# [How to complete this task]
Using the listing below, copy exactly the lines from the one containing "X129.7Y-104.725" to the one containing "# KiCad board", both lines included, and no others.

# [Provided data]
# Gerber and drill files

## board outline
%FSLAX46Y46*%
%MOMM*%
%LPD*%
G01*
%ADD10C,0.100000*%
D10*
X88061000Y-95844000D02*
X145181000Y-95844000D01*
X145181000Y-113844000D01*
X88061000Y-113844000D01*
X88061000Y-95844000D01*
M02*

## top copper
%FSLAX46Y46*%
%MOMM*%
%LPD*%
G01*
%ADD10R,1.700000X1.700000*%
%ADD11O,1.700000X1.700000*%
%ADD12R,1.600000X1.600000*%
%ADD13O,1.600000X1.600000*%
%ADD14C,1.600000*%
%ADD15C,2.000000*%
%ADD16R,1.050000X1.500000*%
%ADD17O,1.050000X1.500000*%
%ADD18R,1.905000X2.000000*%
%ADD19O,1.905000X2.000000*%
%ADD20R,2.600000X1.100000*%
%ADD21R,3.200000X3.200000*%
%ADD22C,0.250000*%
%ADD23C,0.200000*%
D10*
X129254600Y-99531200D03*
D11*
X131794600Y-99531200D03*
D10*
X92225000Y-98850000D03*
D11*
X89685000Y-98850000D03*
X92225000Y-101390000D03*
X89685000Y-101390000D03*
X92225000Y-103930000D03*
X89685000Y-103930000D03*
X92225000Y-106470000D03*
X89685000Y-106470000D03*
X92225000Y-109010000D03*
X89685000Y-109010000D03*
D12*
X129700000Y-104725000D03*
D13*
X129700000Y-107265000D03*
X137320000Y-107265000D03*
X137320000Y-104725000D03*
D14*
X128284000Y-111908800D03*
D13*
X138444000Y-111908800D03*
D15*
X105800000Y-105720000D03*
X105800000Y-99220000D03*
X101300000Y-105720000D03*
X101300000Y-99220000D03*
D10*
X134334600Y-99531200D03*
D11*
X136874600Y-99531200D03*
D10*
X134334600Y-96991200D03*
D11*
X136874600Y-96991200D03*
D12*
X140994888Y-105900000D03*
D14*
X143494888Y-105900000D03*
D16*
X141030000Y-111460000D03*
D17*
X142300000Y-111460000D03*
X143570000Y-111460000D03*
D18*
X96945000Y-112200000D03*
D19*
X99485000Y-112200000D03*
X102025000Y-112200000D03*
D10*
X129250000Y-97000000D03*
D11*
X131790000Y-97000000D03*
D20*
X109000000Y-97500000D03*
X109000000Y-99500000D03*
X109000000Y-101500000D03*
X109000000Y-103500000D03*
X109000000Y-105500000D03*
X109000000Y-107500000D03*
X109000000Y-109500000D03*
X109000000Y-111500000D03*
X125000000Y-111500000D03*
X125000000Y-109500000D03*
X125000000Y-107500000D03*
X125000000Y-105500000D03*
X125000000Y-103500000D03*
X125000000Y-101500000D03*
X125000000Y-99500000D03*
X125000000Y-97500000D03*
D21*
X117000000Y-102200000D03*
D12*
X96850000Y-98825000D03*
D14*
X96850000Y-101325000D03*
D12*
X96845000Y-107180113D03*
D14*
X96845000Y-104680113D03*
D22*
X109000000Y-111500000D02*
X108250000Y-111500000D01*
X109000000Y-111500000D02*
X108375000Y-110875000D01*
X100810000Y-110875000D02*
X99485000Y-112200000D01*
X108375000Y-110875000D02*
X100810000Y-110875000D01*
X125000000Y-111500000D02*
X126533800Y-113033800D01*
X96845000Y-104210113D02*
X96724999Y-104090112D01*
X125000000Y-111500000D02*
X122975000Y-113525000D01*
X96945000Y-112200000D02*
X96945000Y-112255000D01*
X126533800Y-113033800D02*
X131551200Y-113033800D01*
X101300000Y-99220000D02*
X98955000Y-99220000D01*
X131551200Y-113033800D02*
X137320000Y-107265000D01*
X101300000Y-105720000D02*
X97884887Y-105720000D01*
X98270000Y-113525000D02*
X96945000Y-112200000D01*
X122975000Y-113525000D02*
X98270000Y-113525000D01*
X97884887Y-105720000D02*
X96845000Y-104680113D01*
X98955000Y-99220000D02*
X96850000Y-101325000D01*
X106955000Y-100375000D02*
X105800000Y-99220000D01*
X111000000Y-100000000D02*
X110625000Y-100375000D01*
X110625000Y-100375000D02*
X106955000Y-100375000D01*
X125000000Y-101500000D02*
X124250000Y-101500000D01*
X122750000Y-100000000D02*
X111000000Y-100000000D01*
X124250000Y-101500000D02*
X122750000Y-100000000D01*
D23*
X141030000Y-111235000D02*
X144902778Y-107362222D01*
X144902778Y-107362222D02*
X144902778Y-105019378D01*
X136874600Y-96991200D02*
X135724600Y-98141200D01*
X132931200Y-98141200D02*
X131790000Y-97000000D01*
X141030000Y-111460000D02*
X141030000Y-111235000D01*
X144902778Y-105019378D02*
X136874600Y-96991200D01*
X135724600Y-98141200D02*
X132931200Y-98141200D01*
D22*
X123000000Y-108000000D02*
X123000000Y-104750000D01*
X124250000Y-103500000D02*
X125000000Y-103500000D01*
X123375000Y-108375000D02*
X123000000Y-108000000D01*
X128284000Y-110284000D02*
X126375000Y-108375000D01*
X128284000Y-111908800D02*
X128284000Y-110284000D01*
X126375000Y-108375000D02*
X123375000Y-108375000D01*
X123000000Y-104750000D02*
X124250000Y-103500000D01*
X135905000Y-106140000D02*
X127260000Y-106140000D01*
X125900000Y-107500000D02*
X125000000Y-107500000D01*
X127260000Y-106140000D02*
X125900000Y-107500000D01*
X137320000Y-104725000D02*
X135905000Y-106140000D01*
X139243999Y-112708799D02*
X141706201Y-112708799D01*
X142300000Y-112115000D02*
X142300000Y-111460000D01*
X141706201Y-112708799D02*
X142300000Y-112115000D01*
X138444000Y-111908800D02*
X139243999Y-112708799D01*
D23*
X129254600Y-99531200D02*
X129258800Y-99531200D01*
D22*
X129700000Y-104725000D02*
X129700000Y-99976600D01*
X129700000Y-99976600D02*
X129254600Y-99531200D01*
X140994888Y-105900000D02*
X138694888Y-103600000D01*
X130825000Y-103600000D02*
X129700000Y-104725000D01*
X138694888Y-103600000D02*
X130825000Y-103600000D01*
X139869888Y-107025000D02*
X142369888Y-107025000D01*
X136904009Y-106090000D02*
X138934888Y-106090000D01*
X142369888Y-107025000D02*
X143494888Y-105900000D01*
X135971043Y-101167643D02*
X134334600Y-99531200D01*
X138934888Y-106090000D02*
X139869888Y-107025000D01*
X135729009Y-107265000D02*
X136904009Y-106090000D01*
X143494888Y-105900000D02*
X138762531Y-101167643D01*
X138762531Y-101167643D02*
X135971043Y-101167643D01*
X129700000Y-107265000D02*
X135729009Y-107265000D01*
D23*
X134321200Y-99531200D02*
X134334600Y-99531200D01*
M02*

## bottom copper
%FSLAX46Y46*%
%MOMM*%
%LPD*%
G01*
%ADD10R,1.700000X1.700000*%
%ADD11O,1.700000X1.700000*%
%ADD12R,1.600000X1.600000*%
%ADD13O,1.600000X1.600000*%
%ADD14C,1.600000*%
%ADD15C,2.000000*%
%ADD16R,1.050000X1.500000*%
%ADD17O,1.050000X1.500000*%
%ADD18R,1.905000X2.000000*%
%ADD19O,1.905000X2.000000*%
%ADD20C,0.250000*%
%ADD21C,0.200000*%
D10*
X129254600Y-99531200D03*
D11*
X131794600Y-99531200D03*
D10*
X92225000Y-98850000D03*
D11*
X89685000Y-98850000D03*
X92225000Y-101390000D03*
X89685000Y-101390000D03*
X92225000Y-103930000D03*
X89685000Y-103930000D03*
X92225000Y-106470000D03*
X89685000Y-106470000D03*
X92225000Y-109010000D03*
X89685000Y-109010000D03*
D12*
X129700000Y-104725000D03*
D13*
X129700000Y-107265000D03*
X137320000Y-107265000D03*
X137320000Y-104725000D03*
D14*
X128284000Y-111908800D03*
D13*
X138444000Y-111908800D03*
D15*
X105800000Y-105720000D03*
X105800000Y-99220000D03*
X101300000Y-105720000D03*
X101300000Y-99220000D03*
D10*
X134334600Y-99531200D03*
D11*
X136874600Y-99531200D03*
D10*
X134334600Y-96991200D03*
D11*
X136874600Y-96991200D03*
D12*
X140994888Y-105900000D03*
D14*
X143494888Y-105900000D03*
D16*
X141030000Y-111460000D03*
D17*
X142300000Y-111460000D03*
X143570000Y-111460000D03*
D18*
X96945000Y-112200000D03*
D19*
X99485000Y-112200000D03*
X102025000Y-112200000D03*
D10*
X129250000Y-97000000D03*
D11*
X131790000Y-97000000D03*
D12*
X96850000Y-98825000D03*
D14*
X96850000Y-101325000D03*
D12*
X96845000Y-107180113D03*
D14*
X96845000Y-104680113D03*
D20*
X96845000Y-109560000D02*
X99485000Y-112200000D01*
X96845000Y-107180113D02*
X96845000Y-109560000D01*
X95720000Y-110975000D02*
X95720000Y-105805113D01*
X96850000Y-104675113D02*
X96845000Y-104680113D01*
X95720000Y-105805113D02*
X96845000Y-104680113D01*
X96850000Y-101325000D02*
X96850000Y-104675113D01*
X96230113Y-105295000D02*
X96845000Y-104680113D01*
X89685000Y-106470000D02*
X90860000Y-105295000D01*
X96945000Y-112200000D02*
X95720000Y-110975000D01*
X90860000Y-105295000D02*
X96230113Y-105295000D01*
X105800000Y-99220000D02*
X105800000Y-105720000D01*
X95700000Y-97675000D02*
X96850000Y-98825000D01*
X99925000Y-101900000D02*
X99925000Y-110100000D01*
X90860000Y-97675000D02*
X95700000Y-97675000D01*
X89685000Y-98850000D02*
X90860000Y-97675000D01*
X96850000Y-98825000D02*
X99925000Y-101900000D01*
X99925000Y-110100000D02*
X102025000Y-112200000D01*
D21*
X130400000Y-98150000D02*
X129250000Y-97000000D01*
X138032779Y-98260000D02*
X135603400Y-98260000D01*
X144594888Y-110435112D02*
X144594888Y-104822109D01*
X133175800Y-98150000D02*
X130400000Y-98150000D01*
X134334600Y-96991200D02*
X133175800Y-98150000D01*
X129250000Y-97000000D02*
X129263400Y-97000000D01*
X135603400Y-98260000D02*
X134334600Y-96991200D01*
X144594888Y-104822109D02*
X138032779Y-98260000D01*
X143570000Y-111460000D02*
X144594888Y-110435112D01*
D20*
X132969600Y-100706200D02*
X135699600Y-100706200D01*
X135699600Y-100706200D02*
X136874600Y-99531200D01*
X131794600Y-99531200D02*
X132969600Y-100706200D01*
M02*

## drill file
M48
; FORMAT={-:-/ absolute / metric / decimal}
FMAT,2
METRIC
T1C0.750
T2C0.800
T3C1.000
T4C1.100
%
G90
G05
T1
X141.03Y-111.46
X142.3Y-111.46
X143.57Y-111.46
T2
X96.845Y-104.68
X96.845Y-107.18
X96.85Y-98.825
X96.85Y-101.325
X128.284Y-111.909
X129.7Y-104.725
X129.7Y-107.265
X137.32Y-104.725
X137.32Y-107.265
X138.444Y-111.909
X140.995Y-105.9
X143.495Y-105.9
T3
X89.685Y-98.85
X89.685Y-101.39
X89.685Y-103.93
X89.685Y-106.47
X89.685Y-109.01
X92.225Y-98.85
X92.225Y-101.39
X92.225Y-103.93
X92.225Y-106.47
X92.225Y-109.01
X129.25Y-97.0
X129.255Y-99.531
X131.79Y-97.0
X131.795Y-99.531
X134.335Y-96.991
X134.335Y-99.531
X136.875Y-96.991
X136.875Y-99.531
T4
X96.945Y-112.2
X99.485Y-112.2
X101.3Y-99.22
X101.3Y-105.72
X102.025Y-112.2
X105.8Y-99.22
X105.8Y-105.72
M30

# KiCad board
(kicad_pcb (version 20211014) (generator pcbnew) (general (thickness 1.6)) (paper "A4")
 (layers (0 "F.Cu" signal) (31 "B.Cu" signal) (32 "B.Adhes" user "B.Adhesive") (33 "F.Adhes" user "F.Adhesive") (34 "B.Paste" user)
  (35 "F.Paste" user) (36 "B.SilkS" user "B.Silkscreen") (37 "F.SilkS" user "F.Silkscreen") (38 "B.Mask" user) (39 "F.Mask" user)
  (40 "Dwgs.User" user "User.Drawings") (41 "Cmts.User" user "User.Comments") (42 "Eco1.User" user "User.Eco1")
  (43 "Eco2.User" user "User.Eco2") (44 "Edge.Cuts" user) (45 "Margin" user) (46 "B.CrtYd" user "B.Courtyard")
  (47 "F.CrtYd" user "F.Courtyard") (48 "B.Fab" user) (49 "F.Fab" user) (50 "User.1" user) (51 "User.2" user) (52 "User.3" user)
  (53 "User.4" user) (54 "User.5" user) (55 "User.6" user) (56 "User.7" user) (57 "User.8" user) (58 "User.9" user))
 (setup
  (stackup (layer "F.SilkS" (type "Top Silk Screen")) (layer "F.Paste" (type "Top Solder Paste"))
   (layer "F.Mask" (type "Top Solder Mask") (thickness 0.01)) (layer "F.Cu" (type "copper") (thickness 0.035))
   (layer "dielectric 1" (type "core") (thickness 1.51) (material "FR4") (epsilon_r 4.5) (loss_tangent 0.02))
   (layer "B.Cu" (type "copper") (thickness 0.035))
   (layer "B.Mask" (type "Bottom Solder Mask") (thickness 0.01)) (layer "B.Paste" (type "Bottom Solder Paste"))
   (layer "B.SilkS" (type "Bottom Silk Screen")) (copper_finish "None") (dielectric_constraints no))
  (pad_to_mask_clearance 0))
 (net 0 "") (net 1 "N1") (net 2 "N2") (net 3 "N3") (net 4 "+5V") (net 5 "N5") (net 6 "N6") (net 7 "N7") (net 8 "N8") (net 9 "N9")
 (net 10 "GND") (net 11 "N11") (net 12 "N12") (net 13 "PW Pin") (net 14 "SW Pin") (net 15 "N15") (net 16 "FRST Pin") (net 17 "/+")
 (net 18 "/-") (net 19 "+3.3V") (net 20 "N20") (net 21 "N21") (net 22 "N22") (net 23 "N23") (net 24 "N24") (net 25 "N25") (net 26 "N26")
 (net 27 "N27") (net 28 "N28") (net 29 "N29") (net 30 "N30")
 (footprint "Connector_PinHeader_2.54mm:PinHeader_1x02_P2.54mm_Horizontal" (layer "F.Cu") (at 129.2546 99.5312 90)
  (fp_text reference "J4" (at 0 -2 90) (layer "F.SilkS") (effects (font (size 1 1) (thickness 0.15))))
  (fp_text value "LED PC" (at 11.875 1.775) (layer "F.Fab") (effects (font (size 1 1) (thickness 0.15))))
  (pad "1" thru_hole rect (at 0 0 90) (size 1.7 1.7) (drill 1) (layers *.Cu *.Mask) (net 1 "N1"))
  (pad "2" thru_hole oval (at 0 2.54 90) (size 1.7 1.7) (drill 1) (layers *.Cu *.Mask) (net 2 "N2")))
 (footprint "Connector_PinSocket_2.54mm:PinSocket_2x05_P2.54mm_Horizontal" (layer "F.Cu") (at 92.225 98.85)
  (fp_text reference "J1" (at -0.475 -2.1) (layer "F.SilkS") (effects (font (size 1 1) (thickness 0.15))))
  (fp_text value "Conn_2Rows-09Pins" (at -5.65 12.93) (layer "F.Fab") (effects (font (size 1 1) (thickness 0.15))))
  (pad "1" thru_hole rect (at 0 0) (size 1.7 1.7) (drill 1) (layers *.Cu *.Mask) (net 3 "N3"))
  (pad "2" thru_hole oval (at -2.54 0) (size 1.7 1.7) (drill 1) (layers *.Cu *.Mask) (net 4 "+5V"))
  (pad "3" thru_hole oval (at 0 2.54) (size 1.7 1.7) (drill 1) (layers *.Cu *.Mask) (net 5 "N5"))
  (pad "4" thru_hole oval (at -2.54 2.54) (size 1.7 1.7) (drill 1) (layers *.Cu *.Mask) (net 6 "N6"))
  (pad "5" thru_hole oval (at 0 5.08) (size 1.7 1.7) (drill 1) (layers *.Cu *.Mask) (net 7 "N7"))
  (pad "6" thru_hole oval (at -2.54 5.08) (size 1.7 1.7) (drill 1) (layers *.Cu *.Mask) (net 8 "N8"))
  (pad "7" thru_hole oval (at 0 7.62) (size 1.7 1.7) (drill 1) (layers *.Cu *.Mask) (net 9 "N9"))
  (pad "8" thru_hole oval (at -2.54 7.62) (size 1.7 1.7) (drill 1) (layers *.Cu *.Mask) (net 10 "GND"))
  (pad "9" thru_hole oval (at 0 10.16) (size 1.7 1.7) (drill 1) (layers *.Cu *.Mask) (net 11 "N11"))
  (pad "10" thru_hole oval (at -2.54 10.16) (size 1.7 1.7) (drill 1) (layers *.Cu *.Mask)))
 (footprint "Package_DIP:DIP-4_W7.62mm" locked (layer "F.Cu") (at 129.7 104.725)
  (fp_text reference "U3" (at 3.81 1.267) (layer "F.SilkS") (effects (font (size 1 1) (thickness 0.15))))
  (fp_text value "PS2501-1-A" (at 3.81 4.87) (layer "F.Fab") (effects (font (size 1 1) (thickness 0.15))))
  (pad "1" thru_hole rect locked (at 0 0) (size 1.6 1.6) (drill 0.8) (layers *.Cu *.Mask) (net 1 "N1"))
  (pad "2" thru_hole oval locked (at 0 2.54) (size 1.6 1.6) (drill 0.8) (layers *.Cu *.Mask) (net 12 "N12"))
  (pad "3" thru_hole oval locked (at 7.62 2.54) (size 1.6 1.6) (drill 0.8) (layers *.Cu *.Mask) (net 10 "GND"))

# [Answer for the task]
X129.7Y-104.725
X129.7Y-107.265
X137.32Y-104.725
X137.32Y-107.265
X138.444Y-111.909
X140.995Y-105.9
X143.495Y-105.9
T3
X89.685Y-98.85
X89.685Y-101.39
X89.685Y-103.93
X89.685Y-106.47
X89.685Y-109.01
X92.225Y-98.85
X92.225Y-101.39
X92.225Y-103.93
X92.225Y-106.47
X92.225Y-109.01
X129.25Y-97.0
X129.255Y-99.531
X131.79Y-97.0
X131.795Y-99.531
X134.335Y-96.991
X134.335Y-99.531
X136.875Y-96.991
X136.875Y-99.531
T4
X96.945Y-112.2
X99.485Y-112.2
X101.3Y-99.22
X101.3Y-105.72
X102.025Y-112.2
X105.8Y-99.22
X105.8Y-105.72
M30

# KiCad board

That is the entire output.